Reposted with permission from The Huntington Herald-Dispatch

You could say things have kind of slowed down for John Lancaster in the two decades since he was fronting the Huntington-based melodic hard rock band Chum.

Between then, you know, the 90’s, through bands like Guru Lovechild and Earth To Eros, it’s been Lancaster’s own labor of love to front a rock band. With help from old friends he’s not only now released three solo records in five years, but has a rock band he has fun playing shows with.

“Overall, we don’t play out a whole lot,” Lancaster said over the phone. “We do what we can, we kind of have other things going on. We do enough to keep us all somewhat sane I guess,” the singer-guitarist said with a laugh.

Lancaster will bring his atmospheric (apocalyptic?) melodic hard rock band (Lancaster; Mac Walker: guitar; Barry Smith: bass; Josh Adkins: drums) to The V Club Saturday night, where they’ll be joined by Floraburn and Sly Roosevelt.

But just because there aren’t a lot of shows may not mean things are slowing down creatively for Lancaster.
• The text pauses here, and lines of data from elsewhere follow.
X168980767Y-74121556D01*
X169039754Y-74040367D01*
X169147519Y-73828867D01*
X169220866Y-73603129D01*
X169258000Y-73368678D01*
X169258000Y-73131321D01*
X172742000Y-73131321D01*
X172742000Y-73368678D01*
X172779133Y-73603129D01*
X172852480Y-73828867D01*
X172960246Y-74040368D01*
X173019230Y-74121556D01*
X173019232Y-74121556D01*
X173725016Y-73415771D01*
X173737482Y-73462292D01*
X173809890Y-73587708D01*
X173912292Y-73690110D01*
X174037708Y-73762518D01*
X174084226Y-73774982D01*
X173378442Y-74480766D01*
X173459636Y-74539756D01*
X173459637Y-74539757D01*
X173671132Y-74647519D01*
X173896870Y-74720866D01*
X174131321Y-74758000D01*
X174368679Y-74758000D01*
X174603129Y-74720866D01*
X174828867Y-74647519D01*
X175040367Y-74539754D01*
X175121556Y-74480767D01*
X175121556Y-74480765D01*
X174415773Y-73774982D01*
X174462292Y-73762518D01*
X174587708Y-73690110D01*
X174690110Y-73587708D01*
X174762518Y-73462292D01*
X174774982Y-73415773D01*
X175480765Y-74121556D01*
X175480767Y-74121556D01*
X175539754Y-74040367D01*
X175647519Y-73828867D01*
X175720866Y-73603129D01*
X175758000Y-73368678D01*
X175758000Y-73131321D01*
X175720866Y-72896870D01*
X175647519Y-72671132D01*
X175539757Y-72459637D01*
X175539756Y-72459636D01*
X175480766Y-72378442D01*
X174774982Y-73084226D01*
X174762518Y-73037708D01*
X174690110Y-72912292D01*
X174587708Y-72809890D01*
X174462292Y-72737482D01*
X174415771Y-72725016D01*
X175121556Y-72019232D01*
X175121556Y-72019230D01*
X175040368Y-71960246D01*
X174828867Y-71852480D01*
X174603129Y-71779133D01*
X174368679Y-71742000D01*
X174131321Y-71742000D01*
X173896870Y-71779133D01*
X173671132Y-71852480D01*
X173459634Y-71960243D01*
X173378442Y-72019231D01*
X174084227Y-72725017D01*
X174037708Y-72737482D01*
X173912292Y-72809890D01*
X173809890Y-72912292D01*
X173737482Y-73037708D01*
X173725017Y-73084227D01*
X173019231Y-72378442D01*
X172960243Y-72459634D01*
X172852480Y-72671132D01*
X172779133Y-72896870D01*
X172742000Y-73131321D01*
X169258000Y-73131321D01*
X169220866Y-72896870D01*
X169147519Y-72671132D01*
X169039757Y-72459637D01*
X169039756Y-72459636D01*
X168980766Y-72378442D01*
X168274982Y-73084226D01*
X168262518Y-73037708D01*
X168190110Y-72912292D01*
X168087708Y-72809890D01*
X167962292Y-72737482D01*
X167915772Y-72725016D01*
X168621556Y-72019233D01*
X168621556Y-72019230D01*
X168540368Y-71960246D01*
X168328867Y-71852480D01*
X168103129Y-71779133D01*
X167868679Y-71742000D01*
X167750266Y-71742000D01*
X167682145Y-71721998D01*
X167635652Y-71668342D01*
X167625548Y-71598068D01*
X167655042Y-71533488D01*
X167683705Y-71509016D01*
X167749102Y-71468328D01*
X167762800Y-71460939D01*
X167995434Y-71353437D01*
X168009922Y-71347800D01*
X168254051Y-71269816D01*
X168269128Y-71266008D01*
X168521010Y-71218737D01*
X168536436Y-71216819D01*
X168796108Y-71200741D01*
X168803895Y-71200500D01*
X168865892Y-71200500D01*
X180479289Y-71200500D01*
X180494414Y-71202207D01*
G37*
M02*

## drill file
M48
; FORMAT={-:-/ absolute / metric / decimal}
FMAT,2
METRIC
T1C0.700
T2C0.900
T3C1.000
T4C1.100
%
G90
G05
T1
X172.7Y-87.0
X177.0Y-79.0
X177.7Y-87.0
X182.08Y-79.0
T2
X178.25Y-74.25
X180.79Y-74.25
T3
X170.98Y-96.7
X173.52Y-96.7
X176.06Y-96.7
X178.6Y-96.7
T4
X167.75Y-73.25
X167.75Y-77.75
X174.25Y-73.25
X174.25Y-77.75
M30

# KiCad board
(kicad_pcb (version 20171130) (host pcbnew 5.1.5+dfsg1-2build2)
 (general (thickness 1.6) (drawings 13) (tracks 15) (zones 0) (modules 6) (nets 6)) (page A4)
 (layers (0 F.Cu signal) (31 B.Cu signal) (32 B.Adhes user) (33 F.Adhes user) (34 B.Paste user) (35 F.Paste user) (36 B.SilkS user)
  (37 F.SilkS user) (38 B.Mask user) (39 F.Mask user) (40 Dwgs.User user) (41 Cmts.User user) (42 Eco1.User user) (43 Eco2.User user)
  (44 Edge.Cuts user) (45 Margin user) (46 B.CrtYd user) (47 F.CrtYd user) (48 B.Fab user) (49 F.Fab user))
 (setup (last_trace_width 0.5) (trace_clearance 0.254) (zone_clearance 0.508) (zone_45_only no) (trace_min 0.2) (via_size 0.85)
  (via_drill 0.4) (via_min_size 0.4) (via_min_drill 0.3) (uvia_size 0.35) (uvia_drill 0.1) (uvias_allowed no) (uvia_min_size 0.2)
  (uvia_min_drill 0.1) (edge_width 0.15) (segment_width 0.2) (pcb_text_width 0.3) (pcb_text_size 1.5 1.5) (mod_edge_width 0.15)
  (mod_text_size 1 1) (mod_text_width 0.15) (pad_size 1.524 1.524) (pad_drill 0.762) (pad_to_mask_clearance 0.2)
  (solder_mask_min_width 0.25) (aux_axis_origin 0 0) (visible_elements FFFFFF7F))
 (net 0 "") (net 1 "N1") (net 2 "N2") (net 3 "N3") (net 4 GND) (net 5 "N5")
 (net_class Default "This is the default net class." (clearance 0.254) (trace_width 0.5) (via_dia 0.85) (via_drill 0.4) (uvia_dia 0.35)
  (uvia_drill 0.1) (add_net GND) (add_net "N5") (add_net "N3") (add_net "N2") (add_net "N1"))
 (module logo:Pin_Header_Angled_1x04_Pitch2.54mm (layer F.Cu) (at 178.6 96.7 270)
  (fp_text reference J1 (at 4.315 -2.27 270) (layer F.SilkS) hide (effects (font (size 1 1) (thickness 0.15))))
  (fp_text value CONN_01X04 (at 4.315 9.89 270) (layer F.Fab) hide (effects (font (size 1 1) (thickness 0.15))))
Since releasing the debut full-length, “Phantom Moon” in 2010, following that up with the six-song EP “Crash Test In Progress” in 2012, Lancaster’s studio project has congealed into a band, has opened for acts like Byzantine, Karma To Burn, and Dream The Electric Sleep, and released the six-song concept EP “A Penchant for Hell on Earth” in January.

“You know, this whole thing originally started with the idea that this was going to be a studio project,” Lancaster admitted. “When the first record was coming together, I had the idea of all these different friends coming together and coming in to play on different things.
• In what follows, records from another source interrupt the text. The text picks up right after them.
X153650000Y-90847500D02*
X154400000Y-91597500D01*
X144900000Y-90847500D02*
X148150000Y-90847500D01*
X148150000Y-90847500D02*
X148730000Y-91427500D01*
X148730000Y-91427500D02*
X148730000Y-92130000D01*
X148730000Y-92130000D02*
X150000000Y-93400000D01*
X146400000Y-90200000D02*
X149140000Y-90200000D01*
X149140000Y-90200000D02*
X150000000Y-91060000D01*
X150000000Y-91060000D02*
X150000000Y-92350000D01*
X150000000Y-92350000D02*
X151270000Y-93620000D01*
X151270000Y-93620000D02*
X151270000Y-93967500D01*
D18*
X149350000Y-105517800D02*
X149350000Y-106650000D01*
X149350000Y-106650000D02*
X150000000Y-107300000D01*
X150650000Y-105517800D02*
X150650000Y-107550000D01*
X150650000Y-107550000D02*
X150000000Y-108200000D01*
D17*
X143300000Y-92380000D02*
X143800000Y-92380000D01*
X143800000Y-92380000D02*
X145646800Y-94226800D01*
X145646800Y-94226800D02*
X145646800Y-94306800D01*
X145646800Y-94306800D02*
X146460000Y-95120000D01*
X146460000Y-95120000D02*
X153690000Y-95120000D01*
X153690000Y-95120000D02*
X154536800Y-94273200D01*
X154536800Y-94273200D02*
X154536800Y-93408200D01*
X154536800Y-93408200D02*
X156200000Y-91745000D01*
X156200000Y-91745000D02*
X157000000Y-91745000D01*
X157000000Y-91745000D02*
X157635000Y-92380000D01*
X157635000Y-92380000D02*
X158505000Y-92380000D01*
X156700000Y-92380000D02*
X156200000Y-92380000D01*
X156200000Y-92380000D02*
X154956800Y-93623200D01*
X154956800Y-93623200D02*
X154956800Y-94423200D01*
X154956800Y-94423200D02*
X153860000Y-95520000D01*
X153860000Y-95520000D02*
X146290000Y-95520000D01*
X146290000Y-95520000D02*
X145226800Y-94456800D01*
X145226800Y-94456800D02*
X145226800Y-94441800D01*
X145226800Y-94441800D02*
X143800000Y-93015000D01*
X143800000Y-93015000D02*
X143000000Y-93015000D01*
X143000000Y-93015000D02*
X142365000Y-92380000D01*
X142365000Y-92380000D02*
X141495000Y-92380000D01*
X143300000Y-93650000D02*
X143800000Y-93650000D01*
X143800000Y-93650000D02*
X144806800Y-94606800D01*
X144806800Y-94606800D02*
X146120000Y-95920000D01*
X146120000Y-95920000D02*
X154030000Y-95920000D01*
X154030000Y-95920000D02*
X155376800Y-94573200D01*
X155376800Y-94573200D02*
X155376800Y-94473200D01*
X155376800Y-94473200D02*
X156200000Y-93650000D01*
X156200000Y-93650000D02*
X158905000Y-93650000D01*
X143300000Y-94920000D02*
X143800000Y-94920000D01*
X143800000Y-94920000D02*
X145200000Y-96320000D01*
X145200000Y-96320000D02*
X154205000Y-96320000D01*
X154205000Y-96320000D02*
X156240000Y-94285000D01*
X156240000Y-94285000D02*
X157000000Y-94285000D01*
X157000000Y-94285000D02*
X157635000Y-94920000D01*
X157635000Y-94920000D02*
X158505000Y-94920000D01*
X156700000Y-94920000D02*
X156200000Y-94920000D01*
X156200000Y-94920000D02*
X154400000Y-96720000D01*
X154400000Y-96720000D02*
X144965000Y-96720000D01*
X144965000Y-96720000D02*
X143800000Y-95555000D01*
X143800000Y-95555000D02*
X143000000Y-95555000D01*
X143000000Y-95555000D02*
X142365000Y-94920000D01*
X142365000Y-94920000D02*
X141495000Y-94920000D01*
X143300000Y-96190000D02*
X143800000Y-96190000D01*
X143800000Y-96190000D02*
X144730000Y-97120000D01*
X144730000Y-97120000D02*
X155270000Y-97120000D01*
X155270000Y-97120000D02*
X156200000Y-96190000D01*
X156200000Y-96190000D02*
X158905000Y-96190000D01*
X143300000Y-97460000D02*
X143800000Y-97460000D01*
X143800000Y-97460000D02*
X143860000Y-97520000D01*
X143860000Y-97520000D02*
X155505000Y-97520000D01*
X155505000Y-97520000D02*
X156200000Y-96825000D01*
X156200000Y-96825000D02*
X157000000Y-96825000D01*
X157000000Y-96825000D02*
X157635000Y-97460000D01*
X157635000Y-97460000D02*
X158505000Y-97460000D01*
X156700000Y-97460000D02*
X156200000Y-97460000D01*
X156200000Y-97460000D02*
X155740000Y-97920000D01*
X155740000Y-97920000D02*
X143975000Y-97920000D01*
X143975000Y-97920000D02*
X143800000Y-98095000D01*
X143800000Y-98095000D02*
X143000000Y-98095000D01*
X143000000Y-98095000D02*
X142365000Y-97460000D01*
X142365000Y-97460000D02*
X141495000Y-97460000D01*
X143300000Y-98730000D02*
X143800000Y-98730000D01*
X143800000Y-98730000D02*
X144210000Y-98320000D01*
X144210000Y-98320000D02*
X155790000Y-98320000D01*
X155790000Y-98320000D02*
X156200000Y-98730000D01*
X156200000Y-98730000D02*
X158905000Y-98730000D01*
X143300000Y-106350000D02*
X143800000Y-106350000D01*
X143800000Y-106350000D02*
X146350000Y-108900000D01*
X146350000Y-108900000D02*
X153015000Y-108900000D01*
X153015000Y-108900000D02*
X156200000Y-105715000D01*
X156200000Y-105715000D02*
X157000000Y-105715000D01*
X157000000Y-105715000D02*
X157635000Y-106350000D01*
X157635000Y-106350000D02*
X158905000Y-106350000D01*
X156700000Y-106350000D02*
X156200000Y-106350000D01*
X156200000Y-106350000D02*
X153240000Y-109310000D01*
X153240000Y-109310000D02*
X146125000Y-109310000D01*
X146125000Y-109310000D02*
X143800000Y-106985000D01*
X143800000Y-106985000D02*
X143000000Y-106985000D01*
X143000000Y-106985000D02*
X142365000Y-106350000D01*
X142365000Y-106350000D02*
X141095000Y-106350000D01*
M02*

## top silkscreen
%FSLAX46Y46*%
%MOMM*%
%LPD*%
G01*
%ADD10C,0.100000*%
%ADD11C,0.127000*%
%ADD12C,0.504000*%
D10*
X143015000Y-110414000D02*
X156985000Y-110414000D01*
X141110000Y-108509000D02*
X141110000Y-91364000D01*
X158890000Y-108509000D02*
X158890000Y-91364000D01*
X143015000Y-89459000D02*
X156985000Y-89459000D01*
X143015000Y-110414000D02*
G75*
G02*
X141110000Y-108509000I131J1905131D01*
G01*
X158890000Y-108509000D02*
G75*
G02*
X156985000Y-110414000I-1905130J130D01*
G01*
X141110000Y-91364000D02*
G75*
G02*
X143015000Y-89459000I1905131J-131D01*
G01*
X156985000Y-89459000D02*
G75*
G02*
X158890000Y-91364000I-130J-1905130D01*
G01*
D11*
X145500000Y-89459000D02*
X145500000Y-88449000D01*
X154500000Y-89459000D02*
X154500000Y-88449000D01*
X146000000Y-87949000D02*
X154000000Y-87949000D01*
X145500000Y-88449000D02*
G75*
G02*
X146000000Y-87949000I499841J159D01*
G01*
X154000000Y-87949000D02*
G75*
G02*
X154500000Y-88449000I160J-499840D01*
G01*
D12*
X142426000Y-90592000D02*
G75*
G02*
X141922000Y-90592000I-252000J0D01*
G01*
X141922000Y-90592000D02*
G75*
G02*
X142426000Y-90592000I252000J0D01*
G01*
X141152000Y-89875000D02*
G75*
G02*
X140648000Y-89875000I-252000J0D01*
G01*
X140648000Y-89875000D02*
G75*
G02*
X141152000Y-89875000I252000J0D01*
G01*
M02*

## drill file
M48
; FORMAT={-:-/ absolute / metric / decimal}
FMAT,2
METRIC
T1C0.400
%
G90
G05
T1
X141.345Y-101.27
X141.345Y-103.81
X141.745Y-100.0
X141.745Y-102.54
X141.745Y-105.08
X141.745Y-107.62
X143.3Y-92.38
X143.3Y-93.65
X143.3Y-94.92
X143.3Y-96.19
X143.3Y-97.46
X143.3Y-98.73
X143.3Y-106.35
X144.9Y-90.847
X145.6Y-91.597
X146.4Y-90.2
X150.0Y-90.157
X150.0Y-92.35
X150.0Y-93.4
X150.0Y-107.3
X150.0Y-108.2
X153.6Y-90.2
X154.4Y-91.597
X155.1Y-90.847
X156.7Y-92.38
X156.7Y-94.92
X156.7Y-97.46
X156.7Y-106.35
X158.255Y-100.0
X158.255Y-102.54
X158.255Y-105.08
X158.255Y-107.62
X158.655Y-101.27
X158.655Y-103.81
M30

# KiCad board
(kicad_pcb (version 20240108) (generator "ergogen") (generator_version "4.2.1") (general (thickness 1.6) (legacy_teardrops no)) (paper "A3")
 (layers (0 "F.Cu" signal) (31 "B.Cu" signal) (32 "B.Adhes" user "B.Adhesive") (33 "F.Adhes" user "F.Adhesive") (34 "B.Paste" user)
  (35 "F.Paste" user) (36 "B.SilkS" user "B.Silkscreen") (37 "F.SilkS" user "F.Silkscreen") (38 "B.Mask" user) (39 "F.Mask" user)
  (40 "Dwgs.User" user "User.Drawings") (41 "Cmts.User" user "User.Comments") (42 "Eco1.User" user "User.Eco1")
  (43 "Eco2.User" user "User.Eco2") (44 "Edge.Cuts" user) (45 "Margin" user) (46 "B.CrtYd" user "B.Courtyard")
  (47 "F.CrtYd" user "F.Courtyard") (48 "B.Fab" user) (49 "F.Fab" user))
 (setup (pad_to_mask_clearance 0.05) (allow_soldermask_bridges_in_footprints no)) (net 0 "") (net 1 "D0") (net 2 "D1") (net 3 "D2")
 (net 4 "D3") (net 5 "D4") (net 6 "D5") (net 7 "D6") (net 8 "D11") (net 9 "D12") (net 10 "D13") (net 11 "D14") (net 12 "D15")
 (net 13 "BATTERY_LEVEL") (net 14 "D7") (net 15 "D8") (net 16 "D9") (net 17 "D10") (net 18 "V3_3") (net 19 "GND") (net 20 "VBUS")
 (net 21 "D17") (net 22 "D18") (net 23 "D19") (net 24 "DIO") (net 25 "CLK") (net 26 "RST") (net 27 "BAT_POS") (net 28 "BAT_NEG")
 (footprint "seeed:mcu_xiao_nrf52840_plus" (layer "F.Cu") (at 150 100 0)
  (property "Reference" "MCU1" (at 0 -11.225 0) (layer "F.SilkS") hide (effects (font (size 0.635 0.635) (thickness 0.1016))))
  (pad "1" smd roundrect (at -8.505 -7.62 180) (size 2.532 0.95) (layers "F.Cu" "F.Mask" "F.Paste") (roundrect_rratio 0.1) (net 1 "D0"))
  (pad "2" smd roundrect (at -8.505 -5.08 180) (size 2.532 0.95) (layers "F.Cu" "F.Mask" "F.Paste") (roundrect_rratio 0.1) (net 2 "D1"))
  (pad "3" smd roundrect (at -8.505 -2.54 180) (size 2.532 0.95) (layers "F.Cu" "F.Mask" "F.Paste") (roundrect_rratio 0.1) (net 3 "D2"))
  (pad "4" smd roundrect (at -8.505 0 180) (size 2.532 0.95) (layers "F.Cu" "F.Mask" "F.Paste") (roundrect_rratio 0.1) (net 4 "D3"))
“But there was really no intention for it to be a live thing. But after “Phantom Moon” was released, I was missing playing out at the time, so I thought ‘Why not put together a solid band to play some of these songs live?’ I wanted to kind of keep the songs alive on some level.

“So we started doing that, and that’s where it’s been ever since,” Lancaster said of the project. “We’ve got three releases now; the first full-length and the two EPs. We kind of take our time with the recording side of things, and we do everything ourselves, so that gives us the opportunity to take our time with the recording.”

Breathing life into the project as a live band has been made easier by working with longtime collaborators Walker and Smith, who recorded and mixed the new EP.



“I love working with Mac,” Lancaster said with emphasis. “I’ve known him for a long time, and I’ve played with him in various projects for years. The same goes with Barry; we did a project together back in the early 90’s, then we did Earth To Eros. But with those two guys, there’s a lot of history there, and I love working with them.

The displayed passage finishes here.